*Data*.

● ● ● ● ● ● ●

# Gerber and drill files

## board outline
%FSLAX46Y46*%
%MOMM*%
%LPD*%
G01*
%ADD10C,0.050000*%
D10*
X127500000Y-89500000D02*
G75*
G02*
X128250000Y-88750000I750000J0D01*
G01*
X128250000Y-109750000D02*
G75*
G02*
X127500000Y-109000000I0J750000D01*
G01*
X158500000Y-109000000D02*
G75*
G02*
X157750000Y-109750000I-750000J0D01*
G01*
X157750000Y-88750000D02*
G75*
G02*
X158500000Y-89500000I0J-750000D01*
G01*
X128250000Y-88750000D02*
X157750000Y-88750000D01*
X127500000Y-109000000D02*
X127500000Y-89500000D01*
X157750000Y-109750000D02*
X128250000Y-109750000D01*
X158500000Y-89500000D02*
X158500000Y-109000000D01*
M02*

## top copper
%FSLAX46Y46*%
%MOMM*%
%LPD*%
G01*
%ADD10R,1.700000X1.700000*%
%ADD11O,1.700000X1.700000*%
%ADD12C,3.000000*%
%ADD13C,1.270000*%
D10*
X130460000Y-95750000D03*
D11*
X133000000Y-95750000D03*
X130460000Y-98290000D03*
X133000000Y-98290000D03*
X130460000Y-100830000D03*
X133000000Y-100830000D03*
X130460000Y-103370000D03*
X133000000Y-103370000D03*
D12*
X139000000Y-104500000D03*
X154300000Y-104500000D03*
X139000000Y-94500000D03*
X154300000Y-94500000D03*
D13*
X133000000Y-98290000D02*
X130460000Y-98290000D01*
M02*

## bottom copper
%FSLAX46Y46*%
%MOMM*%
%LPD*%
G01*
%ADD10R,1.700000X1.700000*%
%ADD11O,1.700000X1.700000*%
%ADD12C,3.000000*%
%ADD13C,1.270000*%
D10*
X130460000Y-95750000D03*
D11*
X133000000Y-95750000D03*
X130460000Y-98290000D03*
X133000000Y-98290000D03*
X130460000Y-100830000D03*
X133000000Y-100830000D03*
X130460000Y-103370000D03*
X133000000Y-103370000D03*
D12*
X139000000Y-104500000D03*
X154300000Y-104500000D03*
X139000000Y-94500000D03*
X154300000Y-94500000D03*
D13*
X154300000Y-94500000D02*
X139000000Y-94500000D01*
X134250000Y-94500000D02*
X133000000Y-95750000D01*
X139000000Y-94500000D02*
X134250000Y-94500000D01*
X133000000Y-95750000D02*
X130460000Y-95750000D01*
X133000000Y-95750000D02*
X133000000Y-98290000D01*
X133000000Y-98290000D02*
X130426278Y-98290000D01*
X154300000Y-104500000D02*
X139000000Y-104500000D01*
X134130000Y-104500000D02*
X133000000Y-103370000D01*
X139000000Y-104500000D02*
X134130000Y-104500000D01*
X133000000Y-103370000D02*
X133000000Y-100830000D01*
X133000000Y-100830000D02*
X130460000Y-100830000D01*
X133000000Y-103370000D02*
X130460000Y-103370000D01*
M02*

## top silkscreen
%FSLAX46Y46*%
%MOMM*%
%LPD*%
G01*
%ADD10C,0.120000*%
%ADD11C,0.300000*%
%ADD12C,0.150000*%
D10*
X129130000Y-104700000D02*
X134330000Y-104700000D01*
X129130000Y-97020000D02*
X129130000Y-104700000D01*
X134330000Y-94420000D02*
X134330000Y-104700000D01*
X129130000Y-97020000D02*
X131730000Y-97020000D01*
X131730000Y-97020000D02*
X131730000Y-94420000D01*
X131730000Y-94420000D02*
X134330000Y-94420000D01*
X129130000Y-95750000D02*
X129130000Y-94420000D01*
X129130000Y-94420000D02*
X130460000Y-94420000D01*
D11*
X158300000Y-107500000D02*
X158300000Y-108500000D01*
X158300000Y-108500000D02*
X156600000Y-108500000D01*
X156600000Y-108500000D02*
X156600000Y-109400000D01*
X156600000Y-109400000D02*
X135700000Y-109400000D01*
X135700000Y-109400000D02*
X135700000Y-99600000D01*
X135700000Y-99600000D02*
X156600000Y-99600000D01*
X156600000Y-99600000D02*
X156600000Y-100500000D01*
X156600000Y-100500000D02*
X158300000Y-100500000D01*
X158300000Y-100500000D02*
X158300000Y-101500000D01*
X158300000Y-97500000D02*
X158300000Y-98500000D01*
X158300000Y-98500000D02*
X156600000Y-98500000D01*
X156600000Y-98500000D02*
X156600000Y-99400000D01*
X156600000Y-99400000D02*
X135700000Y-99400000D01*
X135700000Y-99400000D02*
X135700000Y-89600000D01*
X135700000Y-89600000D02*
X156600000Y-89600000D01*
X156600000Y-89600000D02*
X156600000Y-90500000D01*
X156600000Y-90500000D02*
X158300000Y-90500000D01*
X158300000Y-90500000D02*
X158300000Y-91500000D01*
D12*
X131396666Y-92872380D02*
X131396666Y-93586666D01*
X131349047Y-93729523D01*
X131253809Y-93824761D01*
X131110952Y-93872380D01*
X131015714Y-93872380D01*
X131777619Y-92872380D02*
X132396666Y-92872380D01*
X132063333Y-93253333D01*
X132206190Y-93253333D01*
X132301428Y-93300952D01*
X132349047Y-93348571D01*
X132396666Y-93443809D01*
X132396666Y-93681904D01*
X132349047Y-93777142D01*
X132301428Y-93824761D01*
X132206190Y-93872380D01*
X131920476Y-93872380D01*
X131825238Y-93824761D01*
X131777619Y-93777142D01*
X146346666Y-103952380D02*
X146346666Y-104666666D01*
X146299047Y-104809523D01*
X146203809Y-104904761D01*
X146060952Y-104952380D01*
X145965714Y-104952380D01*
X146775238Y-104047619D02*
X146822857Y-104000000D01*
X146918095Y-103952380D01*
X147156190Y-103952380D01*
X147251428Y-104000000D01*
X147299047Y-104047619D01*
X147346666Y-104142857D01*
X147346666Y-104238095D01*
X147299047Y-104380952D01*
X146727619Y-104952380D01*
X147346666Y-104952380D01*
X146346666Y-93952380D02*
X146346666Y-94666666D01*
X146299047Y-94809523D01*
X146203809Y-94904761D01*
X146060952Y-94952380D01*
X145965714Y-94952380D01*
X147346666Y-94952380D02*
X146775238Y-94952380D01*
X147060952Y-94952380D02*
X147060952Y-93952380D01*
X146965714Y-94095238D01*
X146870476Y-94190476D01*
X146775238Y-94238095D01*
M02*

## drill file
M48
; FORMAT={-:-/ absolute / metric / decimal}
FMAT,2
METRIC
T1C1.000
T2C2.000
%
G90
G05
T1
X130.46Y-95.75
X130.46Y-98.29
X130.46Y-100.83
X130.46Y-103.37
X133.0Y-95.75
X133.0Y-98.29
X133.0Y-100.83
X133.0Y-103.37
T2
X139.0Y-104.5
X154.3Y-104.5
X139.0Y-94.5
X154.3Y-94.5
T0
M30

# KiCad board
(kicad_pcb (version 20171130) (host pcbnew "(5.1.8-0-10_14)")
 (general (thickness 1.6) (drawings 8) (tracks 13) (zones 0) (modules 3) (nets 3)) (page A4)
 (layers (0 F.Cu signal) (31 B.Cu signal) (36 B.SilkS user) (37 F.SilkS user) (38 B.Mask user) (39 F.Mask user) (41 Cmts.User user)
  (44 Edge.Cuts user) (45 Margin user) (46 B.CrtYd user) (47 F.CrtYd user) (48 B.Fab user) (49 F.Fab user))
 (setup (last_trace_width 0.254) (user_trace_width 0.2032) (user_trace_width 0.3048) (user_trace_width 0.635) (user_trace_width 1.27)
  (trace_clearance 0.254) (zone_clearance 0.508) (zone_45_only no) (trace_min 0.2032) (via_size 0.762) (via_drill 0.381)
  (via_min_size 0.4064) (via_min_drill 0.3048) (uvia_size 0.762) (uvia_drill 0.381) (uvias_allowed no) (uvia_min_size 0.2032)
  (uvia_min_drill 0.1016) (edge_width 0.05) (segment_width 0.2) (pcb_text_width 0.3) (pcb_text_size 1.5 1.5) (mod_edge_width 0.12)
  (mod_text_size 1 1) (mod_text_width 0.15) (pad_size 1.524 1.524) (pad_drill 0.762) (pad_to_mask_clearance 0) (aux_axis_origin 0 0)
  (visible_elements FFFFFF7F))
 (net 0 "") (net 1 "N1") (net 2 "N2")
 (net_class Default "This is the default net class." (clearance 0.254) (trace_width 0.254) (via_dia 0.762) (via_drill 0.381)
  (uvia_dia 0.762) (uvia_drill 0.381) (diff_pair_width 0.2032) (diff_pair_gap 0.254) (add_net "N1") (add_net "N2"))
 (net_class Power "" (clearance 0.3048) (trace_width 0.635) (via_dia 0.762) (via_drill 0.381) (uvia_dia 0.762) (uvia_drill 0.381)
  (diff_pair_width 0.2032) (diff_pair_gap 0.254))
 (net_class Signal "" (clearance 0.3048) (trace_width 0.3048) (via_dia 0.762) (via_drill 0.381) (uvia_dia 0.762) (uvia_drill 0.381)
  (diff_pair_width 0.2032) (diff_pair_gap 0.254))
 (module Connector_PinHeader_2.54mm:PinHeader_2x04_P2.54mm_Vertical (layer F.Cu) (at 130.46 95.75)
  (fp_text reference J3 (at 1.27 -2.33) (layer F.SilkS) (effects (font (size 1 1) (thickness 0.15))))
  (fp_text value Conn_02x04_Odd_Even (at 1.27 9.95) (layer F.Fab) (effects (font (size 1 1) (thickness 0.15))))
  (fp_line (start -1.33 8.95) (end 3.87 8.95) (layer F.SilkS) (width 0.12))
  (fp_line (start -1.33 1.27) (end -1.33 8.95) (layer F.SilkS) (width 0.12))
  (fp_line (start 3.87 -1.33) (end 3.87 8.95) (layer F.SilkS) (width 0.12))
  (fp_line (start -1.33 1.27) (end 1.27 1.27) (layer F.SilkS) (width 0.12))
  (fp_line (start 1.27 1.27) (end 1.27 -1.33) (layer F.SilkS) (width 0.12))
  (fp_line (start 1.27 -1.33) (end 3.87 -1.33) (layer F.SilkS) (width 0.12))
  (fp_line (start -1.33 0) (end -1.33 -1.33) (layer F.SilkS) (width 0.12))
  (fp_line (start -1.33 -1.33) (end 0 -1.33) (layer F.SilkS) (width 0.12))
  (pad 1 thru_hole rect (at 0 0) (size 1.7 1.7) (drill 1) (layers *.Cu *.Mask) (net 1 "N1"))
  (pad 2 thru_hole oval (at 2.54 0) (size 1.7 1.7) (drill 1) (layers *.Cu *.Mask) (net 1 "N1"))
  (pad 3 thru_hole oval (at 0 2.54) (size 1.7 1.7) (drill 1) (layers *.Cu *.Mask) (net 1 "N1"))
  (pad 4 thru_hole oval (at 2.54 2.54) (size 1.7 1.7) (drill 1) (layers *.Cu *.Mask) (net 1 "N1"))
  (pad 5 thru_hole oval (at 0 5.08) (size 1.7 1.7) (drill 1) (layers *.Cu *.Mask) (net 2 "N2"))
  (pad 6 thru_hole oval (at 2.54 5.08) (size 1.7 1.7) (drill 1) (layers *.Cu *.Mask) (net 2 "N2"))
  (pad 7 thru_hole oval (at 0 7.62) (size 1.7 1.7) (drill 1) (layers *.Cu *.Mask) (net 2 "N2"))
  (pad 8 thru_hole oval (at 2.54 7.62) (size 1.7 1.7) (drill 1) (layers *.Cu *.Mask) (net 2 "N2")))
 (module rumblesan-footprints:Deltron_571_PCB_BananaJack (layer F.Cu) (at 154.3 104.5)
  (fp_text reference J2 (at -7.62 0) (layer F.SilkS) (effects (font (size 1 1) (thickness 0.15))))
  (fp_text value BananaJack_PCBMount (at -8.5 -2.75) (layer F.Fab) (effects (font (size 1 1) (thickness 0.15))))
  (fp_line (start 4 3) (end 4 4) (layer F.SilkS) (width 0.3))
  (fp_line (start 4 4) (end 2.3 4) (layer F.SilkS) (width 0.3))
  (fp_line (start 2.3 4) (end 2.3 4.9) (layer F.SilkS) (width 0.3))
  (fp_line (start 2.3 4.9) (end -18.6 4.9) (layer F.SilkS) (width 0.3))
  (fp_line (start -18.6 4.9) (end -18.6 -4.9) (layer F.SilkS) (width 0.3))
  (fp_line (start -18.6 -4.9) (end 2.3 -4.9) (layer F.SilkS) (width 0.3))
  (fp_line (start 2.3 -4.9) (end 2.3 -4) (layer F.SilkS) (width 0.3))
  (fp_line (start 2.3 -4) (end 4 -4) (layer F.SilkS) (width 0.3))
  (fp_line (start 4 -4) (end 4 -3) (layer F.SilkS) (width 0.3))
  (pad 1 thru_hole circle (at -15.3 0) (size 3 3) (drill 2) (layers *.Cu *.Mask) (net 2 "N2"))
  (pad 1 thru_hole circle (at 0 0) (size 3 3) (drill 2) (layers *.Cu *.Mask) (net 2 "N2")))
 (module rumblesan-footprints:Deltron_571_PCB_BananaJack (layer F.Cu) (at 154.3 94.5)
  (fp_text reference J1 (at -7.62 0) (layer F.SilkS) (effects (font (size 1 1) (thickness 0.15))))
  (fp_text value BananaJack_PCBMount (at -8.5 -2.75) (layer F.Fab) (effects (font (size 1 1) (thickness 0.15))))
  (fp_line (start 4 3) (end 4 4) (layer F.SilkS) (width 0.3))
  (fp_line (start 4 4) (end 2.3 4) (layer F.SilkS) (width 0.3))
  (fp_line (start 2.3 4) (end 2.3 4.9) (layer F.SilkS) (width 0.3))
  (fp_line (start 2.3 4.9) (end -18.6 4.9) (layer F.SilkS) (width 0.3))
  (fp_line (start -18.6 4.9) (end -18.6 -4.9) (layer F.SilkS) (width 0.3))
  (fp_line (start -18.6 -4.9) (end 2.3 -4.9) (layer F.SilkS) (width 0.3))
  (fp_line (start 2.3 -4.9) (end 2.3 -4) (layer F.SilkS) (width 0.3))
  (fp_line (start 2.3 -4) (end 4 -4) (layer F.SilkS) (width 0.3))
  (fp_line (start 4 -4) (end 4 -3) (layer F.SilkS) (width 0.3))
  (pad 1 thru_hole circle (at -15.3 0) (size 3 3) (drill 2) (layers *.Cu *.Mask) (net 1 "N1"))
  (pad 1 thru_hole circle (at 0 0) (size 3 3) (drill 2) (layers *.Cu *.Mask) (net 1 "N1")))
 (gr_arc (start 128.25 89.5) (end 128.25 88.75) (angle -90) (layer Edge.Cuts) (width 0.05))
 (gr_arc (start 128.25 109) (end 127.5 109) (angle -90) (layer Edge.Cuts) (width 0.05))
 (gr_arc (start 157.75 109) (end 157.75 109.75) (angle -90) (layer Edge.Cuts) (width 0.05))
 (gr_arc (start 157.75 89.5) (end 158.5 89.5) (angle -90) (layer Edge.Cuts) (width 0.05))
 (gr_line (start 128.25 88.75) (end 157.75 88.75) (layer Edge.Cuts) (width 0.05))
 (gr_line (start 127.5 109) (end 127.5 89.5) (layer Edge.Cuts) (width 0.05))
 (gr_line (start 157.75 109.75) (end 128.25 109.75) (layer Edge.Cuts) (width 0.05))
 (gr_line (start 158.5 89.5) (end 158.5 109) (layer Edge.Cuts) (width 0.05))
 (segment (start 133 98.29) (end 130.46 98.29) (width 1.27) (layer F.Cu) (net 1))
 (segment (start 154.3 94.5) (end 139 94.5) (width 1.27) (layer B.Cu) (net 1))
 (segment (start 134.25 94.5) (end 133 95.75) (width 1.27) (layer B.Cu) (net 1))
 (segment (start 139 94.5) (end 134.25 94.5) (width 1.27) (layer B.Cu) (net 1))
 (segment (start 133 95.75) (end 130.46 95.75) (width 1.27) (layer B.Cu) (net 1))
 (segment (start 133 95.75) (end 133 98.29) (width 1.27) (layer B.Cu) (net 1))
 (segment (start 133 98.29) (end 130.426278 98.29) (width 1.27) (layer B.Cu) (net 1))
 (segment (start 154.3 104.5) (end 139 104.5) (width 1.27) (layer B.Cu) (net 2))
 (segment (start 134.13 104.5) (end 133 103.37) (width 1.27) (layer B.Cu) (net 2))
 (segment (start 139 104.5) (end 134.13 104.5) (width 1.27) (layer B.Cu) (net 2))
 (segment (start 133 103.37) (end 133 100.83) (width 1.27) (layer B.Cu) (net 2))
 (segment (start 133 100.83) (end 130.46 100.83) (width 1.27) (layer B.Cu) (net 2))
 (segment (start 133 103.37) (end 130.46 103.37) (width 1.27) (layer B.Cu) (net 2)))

● ● ● ● ● ● ●

Everything in the material above from the line that has "X129130000Y-95750000D02*" through the line that has "X131349047Y-93729523D01*" must be duplicated exactly, with no other lines given.

X129130000Y-95750000D02*
X129130000Y-94420000D01*
X129130000Y-94420000D02*
X130460000Y-94420000D01*
D11*
X158300000Y-107500000D02*
X158300000Y-108500000D01*
X158300000Y-108500000D02*
X156600000Y-108500000D01*
X156600000Y-108500000D02*
X156600000Y-109400000D01*
X156600000Y-109400000D02*
X135700000Y-109400000D01*
X135700000Y-109400000D02*
X135700000Y-99600000D01*
X135700000Y-99600000D02*
X156600000Y-99600000D01*
X156600000Y-99600000D02*
X156600000Y-100500000D01*
X156600000Y-100500000D02*
X158300000Y-100500000D01*
X158300000Y-100500000D02*
X158300000Y-101500000D01*
X158300000Y-97500000D02*
X158300000Y-98500000D01*
X158300000Y-98500000D02*
X156600000Y-98500000D01*
X156600000Y-98500000D02*
X156600000Y-99400000D01*
X156600000Y-99400000D02*
X135700000Y-99400000D01*
X135700000Y-99400000D02*
X135700000Y-89600000D01*
X135700000Y-89600000D02*
X156600000Y-89600000D01*
X156600000Y-89600000D02*
X156600000Y-90500000D01*
X156600000Y-90500000D02*
X158300000Y-90500000D01*
X158300000Y-90500000D02*
X158300000Y-91500000D01*
D12*
X131396666Y-92872380D02*
X131396666Y-93586666D01*
X131349047Y-93729523D01*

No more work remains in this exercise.